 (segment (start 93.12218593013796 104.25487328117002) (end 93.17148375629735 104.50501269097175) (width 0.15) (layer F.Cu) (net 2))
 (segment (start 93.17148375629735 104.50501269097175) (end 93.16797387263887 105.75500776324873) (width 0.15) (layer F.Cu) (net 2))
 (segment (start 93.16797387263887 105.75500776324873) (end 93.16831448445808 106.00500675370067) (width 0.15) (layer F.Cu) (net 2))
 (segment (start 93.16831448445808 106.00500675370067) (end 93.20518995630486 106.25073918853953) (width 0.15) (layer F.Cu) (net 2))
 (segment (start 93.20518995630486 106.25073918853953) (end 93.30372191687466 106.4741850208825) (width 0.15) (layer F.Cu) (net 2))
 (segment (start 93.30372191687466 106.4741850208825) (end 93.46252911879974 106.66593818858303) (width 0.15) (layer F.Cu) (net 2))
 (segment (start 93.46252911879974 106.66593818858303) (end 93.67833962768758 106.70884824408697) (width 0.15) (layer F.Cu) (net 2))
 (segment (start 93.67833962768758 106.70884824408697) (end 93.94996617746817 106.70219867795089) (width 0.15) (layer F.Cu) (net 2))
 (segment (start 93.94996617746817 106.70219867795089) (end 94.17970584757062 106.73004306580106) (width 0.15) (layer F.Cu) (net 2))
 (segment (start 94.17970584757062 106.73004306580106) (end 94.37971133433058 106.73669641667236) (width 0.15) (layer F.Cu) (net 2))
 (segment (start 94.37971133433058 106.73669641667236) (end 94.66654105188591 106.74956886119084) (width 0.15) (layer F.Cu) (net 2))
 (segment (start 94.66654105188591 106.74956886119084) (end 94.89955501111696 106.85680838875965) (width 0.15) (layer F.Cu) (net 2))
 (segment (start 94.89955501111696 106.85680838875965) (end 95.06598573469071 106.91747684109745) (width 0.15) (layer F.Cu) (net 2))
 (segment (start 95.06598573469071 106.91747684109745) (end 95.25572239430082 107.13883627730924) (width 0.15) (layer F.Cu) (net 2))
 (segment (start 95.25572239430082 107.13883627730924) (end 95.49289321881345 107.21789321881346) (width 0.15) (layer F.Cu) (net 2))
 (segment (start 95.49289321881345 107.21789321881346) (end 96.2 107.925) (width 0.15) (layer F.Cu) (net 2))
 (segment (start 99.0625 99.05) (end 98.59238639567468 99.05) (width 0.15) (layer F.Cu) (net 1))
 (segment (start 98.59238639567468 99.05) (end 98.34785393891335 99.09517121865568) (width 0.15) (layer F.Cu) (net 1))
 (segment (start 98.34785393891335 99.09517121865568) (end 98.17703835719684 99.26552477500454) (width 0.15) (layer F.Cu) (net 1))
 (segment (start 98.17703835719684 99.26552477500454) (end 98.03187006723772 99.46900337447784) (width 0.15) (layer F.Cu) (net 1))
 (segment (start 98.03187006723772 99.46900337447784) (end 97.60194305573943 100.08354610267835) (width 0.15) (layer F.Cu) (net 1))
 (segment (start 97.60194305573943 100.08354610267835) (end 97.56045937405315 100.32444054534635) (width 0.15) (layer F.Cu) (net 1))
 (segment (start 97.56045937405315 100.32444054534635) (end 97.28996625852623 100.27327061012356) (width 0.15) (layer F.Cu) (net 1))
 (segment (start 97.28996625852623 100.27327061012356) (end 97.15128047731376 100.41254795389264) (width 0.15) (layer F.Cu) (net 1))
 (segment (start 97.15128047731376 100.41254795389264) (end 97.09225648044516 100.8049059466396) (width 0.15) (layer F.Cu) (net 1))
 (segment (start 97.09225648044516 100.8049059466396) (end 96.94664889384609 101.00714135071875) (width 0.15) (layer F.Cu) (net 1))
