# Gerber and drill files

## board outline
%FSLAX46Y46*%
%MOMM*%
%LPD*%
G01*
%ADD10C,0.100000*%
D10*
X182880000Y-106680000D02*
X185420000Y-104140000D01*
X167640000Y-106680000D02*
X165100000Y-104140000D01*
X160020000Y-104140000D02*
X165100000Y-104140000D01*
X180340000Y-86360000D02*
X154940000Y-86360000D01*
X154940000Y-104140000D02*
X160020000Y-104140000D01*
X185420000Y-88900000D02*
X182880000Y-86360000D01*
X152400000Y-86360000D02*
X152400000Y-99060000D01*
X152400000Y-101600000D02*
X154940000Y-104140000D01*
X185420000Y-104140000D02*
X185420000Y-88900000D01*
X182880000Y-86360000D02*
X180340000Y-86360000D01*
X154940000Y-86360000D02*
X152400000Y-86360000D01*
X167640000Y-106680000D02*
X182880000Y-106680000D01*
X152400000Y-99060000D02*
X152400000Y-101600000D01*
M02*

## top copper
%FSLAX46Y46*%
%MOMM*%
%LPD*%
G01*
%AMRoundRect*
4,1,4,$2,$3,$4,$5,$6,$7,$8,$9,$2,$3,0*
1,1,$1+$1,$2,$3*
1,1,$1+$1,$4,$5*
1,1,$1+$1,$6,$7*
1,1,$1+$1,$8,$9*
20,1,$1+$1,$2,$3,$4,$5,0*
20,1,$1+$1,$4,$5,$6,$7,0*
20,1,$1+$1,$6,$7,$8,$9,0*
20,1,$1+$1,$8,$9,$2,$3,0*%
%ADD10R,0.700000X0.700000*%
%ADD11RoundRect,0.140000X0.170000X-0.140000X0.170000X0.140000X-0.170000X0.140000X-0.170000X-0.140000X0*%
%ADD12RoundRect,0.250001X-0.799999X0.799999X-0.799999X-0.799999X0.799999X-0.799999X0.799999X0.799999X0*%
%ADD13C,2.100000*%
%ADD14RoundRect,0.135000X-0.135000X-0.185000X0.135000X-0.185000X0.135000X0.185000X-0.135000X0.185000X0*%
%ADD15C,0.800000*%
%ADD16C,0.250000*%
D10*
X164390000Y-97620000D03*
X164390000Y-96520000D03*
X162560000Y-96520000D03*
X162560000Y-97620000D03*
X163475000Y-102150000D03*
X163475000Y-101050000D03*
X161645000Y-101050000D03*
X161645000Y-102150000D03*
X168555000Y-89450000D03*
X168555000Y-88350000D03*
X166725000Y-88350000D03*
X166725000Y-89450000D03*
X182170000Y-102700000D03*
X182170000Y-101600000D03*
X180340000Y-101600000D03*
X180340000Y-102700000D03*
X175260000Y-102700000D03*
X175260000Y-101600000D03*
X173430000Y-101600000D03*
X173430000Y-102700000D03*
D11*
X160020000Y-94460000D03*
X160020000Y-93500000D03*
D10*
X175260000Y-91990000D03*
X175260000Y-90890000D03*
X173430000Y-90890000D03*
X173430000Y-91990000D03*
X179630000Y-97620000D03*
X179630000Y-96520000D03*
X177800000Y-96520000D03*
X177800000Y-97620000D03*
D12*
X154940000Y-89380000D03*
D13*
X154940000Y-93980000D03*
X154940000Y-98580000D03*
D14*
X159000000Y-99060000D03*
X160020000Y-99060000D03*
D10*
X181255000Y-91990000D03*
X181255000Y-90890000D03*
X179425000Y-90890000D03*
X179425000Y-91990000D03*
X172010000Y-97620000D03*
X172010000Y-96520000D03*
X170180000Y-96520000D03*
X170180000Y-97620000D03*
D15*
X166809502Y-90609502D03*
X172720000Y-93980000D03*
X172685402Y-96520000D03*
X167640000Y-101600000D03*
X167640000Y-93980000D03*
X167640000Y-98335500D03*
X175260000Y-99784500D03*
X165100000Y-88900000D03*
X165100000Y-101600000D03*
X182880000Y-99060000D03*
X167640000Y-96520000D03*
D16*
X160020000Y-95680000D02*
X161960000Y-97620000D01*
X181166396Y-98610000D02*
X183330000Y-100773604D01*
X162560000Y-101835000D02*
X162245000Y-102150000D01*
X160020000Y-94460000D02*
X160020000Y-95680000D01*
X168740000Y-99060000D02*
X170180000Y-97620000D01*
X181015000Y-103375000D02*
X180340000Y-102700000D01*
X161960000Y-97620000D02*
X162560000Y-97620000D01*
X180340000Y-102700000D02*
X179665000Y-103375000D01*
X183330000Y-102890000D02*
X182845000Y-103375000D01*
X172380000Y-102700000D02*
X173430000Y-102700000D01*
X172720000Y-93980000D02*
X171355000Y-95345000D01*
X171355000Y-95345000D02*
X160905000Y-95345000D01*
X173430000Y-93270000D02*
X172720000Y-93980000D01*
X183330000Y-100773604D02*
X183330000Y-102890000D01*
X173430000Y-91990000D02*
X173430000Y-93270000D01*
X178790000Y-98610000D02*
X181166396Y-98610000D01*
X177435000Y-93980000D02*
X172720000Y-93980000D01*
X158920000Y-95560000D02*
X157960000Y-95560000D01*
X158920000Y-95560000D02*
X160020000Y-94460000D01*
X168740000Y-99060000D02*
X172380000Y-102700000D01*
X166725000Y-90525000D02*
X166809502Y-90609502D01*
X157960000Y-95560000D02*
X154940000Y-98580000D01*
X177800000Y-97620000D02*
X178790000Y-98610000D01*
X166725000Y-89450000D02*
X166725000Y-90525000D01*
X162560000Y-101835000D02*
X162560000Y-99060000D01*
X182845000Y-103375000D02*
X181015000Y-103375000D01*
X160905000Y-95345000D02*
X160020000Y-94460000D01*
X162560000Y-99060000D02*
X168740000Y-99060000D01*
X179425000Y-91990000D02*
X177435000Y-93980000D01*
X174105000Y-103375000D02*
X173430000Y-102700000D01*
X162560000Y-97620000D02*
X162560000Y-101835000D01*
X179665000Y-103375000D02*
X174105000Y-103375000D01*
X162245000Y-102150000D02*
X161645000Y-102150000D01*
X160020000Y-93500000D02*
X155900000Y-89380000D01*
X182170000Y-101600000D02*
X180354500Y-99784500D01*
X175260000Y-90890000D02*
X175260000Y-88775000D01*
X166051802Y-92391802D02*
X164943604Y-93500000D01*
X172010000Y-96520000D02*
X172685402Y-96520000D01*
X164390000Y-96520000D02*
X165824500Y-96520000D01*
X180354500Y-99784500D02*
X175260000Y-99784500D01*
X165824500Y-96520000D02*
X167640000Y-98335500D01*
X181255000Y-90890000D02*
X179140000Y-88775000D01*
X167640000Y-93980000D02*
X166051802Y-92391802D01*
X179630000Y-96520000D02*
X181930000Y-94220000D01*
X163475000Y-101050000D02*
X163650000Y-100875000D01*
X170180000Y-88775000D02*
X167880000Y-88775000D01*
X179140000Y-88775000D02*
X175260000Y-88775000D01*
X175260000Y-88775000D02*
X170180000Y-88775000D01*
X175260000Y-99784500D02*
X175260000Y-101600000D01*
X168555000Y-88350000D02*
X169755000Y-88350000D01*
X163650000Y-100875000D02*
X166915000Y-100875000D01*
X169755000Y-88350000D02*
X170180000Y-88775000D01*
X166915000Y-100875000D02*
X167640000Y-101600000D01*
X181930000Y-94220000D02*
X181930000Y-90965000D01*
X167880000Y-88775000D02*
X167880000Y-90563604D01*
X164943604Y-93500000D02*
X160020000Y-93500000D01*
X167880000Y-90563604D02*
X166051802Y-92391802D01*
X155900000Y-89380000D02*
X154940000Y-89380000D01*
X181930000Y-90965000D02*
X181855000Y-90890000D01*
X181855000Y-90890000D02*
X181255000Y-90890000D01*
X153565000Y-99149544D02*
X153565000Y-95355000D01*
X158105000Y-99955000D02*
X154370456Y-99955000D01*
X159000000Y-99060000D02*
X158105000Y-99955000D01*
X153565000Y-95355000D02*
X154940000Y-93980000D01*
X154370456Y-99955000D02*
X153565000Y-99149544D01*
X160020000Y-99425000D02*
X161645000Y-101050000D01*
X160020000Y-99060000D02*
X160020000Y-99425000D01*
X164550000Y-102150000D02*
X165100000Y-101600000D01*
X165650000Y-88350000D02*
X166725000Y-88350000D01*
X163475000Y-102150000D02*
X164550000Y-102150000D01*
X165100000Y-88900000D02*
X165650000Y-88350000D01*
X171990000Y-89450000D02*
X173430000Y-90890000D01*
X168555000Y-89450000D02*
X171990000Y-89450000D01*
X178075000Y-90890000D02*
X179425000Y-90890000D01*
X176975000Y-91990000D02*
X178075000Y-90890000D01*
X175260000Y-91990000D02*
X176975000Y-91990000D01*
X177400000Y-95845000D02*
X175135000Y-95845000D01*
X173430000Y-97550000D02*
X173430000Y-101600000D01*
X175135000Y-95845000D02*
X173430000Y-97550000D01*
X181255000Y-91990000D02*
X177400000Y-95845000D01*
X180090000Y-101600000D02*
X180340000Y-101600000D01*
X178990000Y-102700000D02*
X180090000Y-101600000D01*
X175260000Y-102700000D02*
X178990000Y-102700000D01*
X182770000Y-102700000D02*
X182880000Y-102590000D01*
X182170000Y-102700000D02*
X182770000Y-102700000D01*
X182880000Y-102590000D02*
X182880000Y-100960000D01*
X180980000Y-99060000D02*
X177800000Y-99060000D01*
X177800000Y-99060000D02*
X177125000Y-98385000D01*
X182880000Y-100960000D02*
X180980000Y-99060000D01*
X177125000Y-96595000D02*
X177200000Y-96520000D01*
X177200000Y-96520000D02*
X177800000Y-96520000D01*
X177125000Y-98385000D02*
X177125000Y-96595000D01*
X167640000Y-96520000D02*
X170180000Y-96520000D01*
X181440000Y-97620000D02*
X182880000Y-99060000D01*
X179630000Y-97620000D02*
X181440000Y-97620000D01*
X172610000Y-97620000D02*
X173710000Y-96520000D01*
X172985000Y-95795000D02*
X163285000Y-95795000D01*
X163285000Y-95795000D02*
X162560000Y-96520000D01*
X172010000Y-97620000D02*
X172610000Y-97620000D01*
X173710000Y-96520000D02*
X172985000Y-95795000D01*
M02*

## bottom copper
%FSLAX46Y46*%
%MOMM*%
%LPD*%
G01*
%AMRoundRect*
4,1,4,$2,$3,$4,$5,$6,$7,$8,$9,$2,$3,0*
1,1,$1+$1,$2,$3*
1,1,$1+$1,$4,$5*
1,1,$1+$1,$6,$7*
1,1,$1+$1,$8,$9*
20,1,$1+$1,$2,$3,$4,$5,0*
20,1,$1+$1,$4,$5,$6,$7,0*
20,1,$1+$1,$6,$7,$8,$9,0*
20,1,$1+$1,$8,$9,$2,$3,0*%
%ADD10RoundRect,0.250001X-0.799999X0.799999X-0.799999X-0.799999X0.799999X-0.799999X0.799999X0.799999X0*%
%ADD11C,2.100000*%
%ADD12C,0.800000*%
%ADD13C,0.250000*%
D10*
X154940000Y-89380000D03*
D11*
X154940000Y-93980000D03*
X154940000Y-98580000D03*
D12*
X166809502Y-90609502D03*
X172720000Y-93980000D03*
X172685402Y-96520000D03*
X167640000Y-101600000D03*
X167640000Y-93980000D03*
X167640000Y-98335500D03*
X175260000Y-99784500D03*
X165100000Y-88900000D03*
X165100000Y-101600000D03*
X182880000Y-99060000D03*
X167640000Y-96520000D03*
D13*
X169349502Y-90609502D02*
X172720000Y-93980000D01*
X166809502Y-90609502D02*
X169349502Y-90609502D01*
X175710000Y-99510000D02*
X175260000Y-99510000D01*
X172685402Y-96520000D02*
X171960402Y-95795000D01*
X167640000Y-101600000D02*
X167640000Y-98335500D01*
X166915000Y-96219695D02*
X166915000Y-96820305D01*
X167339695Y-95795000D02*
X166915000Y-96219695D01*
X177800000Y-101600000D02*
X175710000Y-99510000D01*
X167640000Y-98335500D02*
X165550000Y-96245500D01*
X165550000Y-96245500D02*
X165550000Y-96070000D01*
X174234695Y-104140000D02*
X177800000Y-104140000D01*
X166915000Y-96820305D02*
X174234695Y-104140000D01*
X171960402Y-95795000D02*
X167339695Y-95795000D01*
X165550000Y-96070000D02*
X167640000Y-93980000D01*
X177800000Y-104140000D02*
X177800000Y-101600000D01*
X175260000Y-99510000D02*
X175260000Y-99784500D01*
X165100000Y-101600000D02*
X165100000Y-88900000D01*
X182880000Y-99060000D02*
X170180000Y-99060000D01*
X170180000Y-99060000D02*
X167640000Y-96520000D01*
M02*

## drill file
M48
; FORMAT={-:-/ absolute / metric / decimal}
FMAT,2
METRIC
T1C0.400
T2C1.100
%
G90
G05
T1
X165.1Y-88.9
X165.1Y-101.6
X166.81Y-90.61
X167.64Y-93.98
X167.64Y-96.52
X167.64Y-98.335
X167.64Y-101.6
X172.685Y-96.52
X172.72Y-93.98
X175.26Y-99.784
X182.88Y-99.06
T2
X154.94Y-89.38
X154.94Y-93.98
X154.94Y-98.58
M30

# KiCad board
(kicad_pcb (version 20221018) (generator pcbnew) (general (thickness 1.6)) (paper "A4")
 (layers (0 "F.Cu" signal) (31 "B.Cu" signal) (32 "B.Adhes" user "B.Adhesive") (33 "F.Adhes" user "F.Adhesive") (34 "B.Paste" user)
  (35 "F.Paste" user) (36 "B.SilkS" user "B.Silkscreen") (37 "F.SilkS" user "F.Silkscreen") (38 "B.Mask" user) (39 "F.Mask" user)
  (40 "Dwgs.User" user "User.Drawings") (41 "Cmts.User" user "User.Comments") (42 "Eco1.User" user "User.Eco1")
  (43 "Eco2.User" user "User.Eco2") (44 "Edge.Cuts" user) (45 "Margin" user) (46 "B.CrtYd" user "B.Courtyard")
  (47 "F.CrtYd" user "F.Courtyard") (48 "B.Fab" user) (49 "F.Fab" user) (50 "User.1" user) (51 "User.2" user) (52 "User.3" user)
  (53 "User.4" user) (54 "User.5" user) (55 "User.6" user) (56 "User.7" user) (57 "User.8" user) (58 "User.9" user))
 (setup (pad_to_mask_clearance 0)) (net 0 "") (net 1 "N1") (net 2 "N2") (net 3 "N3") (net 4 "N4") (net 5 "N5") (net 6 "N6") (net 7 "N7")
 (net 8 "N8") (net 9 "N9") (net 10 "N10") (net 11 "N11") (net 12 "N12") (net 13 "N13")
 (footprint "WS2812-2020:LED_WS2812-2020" (layer "F.Cu") (at 163.475 97.07)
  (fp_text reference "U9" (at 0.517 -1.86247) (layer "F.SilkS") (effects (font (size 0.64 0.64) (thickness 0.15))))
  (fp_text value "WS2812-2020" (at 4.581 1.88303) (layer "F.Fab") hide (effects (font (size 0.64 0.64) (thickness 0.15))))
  (pad "1" smd rect (at 0.915 0.55) (size 0.7 0.7) (layers "F.Cu" "F.Paste" "F.Mask") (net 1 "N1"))
  (pad "2" smd rect (at 0.915 -0.55) (size 0.7 0.7) (layers "F.Cu" "F.Paste" "F.Mask") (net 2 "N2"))
  (pad "3" smd rect (at -0.915 -0.55) (size 0.7 0.7) (layers "F.Cu" "F.Paste" "F.Mask") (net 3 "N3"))
  (pad "4" smd rect (at -0.915 0.55) (size 0.7 0.7) (layers "F.Cu" "F.Paste" "F.Mask") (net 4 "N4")))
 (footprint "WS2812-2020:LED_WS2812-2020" (layer "F.Cu") (at 162.56 101.6)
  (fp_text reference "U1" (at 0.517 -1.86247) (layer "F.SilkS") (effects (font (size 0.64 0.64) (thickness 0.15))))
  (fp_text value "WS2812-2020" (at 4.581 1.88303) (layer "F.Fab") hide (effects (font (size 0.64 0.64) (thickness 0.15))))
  (pad "1" smd rect (at 0.915 0.55) (size 0.7 0.7) (layers "F.Cu" "F.Paste" "F.Mask") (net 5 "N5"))
  (pad "2" smd rect (at 0.915 -0.55) (size 0.7 0.7) (layers "F.Cu" "F.Paste" "F.Mask") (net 2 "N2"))
  (pad "3" smd rect (at -0.915 -0.55) (size 0.7 0.7) (layers "F.Cu" "F.Paste" "F.Mask") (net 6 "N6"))
  (pad "4" smd rect (at -0.915 0.55) (size 0.7 0.7) (layers "F.Cu" "F.Paste" "F.Mask") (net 4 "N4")))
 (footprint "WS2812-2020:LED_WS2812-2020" (layer "F.Cu") (at 167.64 88.9)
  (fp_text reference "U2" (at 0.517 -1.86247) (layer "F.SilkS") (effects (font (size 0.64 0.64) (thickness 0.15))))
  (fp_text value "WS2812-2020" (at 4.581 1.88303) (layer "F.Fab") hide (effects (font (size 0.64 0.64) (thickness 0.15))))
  (pad "1" smd rect (at 0.915 0.55) (size 0.7 0.7) (layers "F.Cu" "F.Paste" "F.Mask") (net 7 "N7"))
  (pad "2" smd rect (at 0.915 -0.55) (size 0.7 0.7) (layers "F.Cu" "F.Paste" "F.Mask") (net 2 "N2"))
  (pad "3" smd rect (at -0.915 -0.55) (size 0.7 0.7) (layers "F.Cu" "F.Paste" "F.Mask") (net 5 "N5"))
  (pad "4" smd rect (at -0.915 0.55) (size 0.7 0.7) (layers "F.Cu" "F.Paste" "F.Mask") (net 4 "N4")))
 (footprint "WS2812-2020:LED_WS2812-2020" (layer "F.Cu") (at 181.255 102.15)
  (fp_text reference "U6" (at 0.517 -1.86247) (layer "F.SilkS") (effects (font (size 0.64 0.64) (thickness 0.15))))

- [What the task requires]
Retype the records above from the very first line down to the line with "(segment (start 93.20518995630486", keeping both of those lines. Include nothing beyond them.

- [Reply to the task]
 (segment (start 93.12218593013796 104.25487328117002) (end 93.17148375629735 104.50501269097175) (width 0.15) (layer F.Cu) (net 2))
 (segment (start 93.17148375629735 104.50501269097175) (end 93.16797387263887 105.75500776324873) (width 0.15) (layer F.Cu) (net 2))
 (segment (start 93.16797387263887 105.75500776324873) (end 93.16831448445808 106.00500675370067) (width 0.15) (layer F.Cu) (net 2))
 (segment (start 93.16831448445808 106.00500675370067) (end 93.20518995630486 106.25073918853953) (width 0.15) (layer F.Cu) (net 2))
 (segment (start 93.20518995630486 106.25073918853953) (end 93.30372191687466 106.4741850208825) (width 0.15) (layer F.Cu) (net 2))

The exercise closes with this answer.